Update: The full comments from Paul Ryan on video -
Charles Krauthammer has read the proposed budget and gives us his bill of particulars:
. . . The budget touts a deficit reduction of $1.1 trillion over the next decade.
Where to begin? Even if you buy this number, Obama’s budget adds $7.2 trillion in new debt over that same decade.
But there’s a catch. The administration assumes economic-growth levels higher than private economists and the Congressional Budget Office predict. Without this rosy scenario — using CBO growth estimates — $1.7 trillion of revenue disappears and U.S. debt increases $9 trillion over the next decade. This is almost $1 trillion every year.
Assume you buy the rosy scenario. Of what does this $1.1 trillion in deficit reduction consist? Painful cuts? Think again. It consists of $1.6 trillion in tax hikes, plus an odd $328 billion of some mysterious bipartisan funding for a transportation trust fund (gas taxes, one supposes) — for a grand total of nearly $2 trillion in new taxes.

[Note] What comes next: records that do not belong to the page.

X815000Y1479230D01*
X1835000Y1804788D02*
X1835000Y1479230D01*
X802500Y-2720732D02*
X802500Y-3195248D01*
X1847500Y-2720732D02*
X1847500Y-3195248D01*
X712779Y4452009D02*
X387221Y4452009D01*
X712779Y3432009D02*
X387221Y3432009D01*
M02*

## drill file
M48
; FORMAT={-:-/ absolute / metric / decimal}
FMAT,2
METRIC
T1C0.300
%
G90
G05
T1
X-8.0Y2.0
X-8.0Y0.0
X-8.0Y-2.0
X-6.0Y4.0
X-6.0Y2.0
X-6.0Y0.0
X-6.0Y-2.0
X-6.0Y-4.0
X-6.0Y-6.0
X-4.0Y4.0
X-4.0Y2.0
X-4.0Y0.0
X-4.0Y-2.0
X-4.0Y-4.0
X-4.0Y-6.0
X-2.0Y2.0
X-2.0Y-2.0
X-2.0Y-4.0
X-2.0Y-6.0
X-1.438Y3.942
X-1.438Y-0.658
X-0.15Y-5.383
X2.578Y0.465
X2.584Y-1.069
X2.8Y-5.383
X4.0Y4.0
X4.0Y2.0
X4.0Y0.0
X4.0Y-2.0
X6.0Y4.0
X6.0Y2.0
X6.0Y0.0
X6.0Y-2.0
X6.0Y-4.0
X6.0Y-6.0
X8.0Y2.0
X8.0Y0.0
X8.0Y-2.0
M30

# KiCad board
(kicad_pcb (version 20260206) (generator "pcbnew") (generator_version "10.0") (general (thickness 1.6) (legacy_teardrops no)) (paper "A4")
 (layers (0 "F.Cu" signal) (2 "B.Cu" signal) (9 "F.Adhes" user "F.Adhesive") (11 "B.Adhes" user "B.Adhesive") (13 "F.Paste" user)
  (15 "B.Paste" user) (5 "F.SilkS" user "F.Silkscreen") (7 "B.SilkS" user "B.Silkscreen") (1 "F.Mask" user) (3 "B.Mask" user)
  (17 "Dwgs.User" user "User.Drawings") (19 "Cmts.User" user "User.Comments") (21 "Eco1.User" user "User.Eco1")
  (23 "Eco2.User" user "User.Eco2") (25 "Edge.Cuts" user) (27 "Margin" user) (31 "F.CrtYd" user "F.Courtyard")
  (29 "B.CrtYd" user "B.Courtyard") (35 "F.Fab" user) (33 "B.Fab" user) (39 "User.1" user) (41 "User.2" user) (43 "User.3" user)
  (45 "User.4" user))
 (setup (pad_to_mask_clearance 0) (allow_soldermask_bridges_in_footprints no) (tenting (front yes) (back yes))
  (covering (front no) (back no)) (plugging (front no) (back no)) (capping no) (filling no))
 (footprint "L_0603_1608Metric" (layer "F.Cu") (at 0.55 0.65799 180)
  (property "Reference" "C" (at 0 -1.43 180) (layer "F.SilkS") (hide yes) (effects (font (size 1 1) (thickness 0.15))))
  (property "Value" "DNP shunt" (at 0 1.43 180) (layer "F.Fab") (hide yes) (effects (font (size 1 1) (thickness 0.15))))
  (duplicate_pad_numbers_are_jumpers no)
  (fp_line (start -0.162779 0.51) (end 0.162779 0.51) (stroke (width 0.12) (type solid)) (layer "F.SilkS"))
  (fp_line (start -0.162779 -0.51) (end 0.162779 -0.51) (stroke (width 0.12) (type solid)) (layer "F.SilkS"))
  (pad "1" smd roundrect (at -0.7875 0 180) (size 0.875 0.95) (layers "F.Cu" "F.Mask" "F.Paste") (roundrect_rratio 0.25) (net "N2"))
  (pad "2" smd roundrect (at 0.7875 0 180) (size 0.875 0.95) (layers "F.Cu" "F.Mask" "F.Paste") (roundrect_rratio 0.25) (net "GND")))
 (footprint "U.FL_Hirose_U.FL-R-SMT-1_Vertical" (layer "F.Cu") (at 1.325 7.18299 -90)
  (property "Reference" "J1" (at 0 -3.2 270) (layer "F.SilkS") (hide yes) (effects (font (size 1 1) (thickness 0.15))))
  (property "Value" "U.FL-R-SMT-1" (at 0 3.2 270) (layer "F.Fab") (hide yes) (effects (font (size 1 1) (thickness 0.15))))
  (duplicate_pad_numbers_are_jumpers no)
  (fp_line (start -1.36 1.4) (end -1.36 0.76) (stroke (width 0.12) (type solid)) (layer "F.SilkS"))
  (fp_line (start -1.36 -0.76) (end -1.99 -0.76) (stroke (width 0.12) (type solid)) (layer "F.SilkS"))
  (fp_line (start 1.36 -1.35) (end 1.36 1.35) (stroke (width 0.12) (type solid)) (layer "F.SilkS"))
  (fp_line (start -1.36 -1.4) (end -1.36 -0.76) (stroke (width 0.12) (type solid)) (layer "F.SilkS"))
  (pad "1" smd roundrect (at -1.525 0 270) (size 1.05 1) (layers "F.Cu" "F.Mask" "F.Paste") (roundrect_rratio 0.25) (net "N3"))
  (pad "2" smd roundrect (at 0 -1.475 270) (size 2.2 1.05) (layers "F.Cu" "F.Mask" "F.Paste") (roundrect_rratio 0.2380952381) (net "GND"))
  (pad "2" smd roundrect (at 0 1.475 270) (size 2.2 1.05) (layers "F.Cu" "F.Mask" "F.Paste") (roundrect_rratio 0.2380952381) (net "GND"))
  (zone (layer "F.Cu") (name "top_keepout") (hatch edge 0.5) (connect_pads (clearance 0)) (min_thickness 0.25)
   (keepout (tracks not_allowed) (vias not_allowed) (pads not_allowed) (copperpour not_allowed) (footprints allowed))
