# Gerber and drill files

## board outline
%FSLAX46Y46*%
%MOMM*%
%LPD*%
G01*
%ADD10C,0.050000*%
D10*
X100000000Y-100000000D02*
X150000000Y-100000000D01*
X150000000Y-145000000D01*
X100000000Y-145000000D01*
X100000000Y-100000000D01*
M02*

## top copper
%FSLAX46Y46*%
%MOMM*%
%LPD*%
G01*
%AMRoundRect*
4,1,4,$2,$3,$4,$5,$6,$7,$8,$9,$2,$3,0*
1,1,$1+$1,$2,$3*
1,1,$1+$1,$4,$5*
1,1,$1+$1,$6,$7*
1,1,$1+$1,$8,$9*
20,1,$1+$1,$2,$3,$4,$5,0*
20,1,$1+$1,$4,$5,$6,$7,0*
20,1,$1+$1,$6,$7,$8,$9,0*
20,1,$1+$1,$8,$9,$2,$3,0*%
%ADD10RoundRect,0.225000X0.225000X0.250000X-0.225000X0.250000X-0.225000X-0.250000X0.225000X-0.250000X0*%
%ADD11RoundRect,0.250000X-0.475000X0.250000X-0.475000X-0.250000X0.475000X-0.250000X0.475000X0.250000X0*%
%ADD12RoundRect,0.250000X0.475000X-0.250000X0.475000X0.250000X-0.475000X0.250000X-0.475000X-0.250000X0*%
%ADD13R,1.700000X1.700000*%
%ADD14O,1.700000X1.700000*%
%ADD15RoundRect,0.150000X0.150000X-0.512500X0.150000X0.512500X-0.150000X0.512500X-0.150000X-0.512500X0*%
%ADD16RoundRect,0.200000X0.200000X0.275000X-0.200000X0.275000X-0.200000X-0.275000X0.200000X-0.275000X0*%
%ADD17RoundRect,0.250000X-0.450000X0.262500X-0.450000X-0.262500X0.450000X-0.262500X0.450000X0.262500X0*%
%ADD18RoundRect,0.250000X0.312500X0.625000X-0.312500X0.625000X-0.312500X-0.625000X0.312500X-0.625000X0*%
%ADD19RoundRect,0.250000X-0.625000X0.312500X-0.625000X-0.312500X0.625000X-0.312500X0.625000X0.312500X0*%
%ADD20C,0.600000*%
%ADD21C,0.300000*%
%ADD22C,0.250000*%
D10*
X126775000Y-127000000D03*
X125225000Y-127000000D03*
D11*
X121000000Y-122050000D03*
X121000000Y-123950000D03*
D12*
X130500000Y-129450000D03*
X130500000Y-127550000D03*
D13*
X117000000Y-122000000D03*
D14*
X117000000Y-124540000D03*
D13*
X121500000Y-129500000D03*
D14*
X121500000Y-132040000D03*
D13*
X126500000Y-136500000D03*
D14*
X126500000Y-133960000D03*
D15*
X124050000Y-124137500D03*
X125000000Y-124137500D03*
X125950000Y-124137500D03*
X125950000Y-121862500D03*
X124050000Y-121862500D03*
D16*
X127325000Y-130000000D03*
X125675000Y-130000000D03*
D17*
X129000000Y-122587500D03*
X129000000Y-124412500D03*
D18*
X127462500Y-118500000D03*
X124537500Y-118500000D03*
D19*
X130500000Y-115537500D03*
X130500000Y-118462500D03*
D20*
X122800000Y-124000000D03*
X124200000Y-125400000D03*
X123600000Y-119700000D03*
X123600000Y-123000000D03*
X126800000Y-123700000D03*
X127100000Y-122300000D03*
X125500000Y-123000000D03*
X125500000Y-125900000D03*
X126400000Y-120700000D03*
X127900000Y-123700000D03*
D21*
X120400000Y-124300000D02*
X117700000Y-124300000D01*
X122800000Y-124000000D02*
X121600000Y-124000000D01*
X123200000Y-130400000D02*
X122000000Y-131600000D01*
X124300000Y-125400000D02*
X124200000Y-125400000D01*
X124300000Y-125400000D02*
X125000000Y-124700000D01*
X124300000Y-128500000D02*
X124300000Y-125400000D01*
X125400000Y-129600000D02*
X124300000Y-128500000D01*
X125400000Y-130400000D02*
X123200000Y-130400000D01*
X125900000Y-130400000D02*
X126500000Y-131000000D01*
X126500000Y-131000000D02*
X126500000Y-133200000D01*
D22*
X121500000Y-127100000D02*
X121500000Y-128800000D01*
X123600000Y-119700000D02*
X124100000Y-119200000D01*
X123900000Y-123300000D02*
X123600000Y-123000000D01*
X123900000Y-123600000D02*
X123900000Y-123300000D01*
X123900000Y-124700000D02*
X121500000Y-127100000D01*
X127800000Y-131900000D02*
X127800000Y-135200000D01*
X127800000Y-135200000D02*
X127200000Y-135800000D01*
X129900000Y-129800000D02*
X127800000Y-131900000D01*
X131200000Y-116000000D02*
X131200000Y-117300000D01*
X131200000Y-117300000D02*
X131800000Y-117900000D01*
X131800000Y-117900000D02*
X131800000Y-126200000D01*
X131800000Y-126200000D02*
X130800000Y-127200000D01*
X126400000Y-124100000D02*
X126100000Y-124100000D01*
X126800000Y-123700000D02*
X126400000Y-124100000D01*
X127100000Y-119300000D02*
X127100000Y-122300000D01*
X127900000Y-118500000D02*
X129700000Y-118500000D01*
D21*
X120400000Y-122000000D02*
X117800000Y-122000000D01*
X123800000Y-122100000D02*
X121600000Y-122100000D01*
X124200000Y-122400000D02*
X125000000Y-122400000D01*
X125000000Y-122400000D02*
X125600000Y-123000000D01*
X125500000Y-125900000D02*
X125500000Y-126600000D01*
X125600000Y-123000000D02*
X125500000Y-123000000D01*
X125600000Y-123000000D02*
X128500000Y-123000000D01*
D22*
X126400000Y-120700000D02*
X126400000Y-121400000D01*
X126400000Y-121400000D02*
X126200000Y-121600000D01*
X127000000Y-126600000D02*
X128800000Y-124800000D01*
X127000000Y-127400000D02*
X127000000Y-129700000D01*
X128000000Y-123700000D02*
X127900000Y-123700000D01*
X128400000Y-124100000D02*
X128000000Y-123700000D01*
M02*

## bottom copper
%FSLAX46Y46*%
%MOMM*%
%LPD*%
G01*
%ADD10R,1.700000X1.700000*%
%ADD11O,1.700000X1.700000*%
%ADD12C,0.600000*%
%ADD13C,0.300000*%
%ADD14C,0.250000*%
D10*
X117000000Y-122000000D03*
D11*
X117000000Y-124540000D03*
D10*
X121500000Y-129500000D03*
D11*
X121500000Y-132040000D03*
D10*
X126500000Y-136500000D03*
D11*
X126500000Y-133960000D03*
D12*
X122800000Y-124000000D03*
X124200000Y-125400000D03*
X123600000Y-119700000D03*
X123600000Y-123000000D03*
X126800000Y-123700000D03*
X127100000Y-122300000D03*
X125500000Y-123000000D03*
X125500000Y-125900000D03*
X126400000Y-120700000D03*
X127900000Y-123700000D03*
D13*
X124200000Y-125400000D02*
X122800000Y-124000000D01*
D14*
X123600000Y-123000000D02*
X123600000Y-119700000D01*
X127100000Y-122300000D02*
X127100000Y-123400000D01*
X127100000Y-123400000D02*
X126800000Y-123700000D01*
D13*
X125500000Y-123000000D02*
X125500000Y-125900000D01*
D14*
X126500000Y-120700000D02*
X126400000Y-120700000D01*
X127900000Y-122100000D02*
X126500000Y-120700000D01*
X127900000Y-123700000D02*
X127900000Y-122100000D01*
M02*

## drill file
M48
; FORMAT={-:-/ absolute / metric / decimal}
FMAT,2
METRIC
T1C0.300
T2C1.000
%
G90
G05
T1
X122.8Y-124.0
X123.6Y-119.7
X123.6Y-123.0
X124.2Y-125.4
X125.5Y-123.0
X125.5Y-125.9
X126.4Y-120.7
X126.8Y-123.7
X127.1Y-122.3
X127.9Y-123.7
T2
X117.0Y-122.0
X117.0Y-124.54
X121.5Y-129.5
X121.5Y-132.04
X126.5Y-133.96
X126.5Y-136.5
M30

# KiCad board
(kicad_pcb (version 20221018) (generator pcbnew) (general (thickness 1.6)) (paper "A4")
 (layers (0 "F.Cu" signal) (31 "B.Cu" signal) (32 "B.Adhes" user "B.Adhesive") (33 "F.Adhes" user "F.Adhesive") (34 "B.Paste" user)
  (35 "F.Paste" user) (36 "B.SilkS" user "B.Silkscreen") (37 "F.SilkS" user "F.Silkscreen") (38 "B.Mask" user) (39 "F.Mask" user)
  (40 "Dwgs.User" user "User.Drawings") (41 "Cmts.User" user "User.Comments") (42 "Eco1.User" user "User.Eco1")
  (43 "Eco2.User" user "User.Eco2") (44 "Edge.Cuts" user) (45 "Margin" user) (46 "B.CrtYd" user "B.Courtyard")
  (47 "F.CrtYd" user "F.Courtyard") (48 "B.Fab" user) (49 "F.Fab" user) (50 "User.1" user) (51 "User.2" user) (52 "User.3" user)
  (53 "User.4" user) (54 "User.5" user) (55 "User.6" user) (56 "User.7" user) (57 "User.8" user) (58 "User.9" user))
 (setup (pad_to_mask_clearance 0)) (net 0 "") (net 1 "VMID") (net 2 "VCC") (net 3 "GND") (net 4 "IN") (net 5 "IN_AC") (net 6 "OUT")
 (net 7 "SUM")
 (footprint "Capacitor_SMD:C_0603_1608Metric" (layer "F.Cu") (at 126 127 180)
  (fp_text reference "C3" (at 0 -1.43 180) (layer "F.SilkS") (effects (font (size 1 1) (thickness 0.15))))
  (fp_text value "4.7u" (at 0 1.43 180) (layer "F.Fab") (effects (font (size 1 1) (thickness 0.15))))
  (pad "1" smd roundrect (at -0.775 0 180) (size 0.9 0.95) (layers "F.Cu" "F.Paste" "F.Mask") (roundrect_rratio 0.25) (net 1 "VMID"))
  (pad "2" smd roundrect (at 0.775 0 180) (size 0.9 0.95) (layers "F.Cu" "F.Paste" "F.Mask") (roundrect_rratio 0.25) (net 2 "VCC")))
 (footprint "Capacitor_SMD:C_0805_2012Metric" (layer "F.Cu") (at 121 123 -90)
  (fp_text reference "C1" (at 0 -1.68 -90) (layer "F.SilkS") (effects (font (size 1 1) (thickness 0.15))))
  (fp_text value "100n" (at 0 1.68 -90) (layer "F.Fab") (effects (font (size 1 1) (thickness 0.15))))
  (pad "1" smd roundrect (at -0.95 0 270) (size 1 1.45) (layers "F.Cu" "F.Paste" "F.Mask") (roundrect_rratio 0.25) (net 2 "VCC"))
  (pad "2" smd roundrect (at 0.95 0 270) (size 1 1.45) (layers "F.Cu" "F.Paste" "F.Mask") (roundrect_rratio 0.25) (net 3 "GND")))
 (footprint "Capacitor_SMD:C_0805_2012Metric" (layer "F.Cu") (at 130.5 128.5 90)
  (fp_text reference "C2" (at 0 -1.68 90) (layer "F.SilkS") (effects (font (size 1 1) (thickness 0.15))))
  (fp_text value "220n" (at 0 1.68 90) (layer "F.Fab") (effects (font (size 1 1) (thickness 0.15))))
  (pad "1" smd roundrect (at -0.95 0 90) (size 1 1.45) (layers "F.Cu" "F.Paste" "F.Mask") (roundrect_rratio 0.25) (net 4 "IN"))
  (pad "2" smd roundrect (at 0.95 0 90) (size 1 1.45) (layers "F.Cu" "F.Paste" "F.Mask") (roundrect_rratio 0.25) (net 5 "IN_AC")))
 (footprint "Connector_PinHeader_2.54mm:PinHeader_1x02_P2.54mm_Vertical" (layer "F.Cu") (at 117 122)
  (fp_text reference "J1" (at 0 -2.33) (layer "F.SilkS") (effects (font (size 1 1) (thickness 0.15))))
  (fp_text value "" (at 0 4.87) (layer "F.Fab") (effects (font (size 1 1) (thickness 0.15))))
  (pad "1" thru_hole rect (at 0 0) (size 1.7 1.7) (drill 1) (layers "*.Cu" "*.Mask") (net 2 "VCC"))
  (pad "2" thru_hole oval (at 0 2.54) (size 1.7 1.7) (drill 1) (layers "*.Cu" "*.Mask") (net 3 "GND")))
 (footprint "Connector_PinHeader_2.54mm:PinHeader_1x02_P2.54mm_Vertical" (layer "F.Cu") (at 121.5 129.5)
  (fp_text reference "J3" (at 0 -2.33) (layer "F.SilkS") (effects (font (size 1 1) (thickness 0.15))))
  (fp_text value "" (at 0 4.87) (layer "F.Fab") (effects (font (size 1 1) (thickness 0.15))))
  (pad "1" thru_hole rect (at 0 0) (size 1.7 1.7) (drill 1) (layers "*.Cu" "*.Mask") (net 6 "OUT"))
  (pad "2" thru_hole oval (at 0 2.54) (size 1.7 1.7) (drill 1) (layers "*.Cu" "*.Mask") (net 3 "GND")))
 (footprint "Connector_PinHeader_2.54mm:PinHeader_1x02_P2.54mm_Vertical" (layer "F.Cu") (at 126.5 136.5 180)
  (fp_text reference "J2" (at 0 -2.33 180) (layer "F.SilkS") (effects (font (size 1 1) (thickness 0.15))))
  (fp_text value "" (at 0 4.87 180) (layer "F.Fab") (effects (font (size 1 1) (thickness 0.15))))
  (pad "1" thru_hole rect (at 0 0 180) (size 1.7 1.7) (drill 1) (layers "*.Cu" "*.Mask") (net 4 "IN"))
  (pad "2" thru_hole oval (at 0 2.54 180) (size 1.7 1.7) (drill 1) (layers "*.Cu" "*.Mask") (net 3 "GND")))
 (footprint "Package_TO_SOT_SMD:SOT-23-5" (layer "F.Cu") (at 125 123 90)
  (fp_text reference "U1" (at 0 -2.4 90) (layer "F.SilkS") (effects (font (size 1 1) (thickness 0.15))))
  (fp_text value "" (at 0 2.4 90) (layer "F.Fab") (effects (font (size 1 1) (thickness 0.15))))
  (pad "1" smd roundrect (at -1.1375 -0.95 90) (size 1.325 0.6) (layers "F.Cu" "F.Paste" "F.Mask") (roundrect_rratio 0.25) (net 6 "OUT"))
  (pad "2" smd roundrect (at -1.1375 0 90) (size 1.325 0.6) (layers "F.Cu" "F.Paste" "F.Mask") (roundrect_rratio 0.25) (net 3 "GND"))
  (pad "3" smd roundrect (at -1.1375 0.95 90) (size 1.325 0.6) (layers "F.Cu" "F.Paste" "F.Mask") (roundrect_rratio 0.25) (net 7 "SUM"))
  (pad "4" smd roundrect (at 1.1375 0.95 90) (size 1.325 0.6) (layers "F.Cu" "F.Paste" "F.Mask") (roundrect_rratio 0.25) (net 1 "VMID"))
  (pad "5" smd roundrect (at 1.1375 -0.95 90) (size 1.325 0.6) (layers "F.Cu" "F.Paste" "F.Mask") (roundrect_rratio 0.25) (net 2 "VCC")))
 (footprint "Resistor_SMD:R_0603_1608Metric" (layer "F.Cu") (at 126.5 130 180)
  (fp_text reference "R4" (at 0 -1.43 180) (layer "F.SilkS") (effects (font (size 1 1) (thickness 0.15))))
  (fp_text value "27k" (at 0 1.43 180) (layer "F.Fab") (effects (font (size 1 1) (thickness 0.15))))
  (pad "1" smd roundrect (at -0.825 0 180) (size 0.8 0.95) (layers "F.Cu" "F.Paste" "F.Mask") (roundrect_rratio 0.25) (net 1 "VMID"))
  (pad "2" smd roundrect (at 0.825 0 180) (size 0.8 0.95) (layers "F.Cu" "F.Paste" "F.Mask") (roundrect_rratio 0.25) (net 3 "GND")))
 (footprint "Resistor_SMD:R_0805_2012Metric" (layer "F.Cu") (at 129 123.5 -90)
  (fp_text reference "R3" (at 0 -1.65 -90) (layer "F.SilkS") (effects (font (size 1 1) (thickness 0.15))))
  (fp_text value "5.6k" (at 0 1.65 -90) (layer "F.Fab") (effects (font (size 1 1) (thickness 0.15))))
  (pad "1" smd roundrect (at -0.9125 0 270) (size 1.025 1.4) (layers "F.Cu" "F.Paste" "F.Mask") (roundrect_rratio 0.243902) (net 2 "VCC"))
  (pad "2" smd roundrect (at 0.9125 0 270) (size 1.025 1.4) (layers "F.Cu" "F.Paste" "F.Mask") (roundrect_rratio 0.243902) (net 1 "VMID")))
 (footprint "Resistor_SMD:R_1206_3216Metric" (layer "F.Cu") (at 126 118.5 180)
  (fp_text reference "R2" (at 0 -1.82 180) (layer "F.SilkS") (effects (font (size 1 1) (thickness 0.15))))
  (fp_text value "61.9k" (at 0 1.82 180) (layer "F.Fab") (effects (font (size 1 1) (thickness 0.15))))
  (pad "1" smd roundrect (at -1.4625 0 180) (size 1.125 1.75) (layers "F.Cu" "F.Paste" "F.Mask") (roundrect_rratio 0.222222) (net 7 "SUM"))
  (pad "2" smd roundrect (at 1.4625 0 180) (size 1.125 1.75) (layers "F.Cu" "F.Paste" "F.Mask") (roundrect_rratio 0.222222) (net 6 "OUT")))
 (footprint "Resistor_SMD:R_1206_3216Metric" (layer "F.Cu") (at 130.5 117 -90)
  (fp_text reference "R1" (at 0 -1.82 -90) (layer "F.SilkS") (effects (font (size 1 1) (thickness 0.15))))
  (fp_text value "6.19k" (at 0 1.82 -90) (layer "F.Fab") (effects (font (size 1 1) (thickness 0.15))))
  (pad "1" smd roundrect (at -1.4625 0 270) (size 1.125 1.75) (layers "F.Cu" "F.Paste" "F.Mask") (roundrect_rratio 0.222222) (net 5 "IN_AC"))
  (pad "2" smd roundrect (at 1.4625 0 270) (size 1.125 1.75) (layers "F.Cu" "F.Paste" "F.Mask") (roundrect_rratio 0.222222) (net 7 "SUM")))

Classic Obama debt reduction: Add $2 trillion in new taxes, then add another $1 trillion in new spending and, presto, you’ve got $1 trillion of debt reduction. It’s the same kind of mad deficit accounting in Obamacare: It reduces debt by adding $540 billion in new spending, then adding $770 billion in new taxes. Presto: $230 billion of “debt reduction.” . . .
And what of those “painful cuts” Obama is making to programs he really cares about? The catch is that these “cuts” are from a hugely inflated new baseline created by the orgy of spending in Obama’s first two years. These were supposedly catastrophe-averting, anti-Depression emergency measures. But post-recession they remain in place. As a result, discretionary non-defense budget levels today are 24 percent higher than before Obama — 84 percent higher if you add in the stimulus money.
Which is why the supposedly painful cuts yield spending still at stratospheric levels. After all the cuts, Department of Education funding for 2012 remains 35 percent higher than in the last pre-emergency pre-Obama year, 2008. Environmental Protection Agency: 18 percent higher. Department of Energy: 22 percent higher. Consider even the biggest “painful cut” headline of all, the 50 percent cut in fuel subsidies for the poor. Barbaric, is it not? Except for the fact that the subsidies had been doubled from 2008 levels. The draconian cut is nothing but a return to normal pre-recession levels.
Yet all this is penny-ante stuff. The real money is in entitlements. And the real scandal of this budget is that Obama doesn’t touch them. Not Social Security. Not Medicaid. Not Medicare.
What about tax reform, the other major recommendation of the deficit commission? Nothing.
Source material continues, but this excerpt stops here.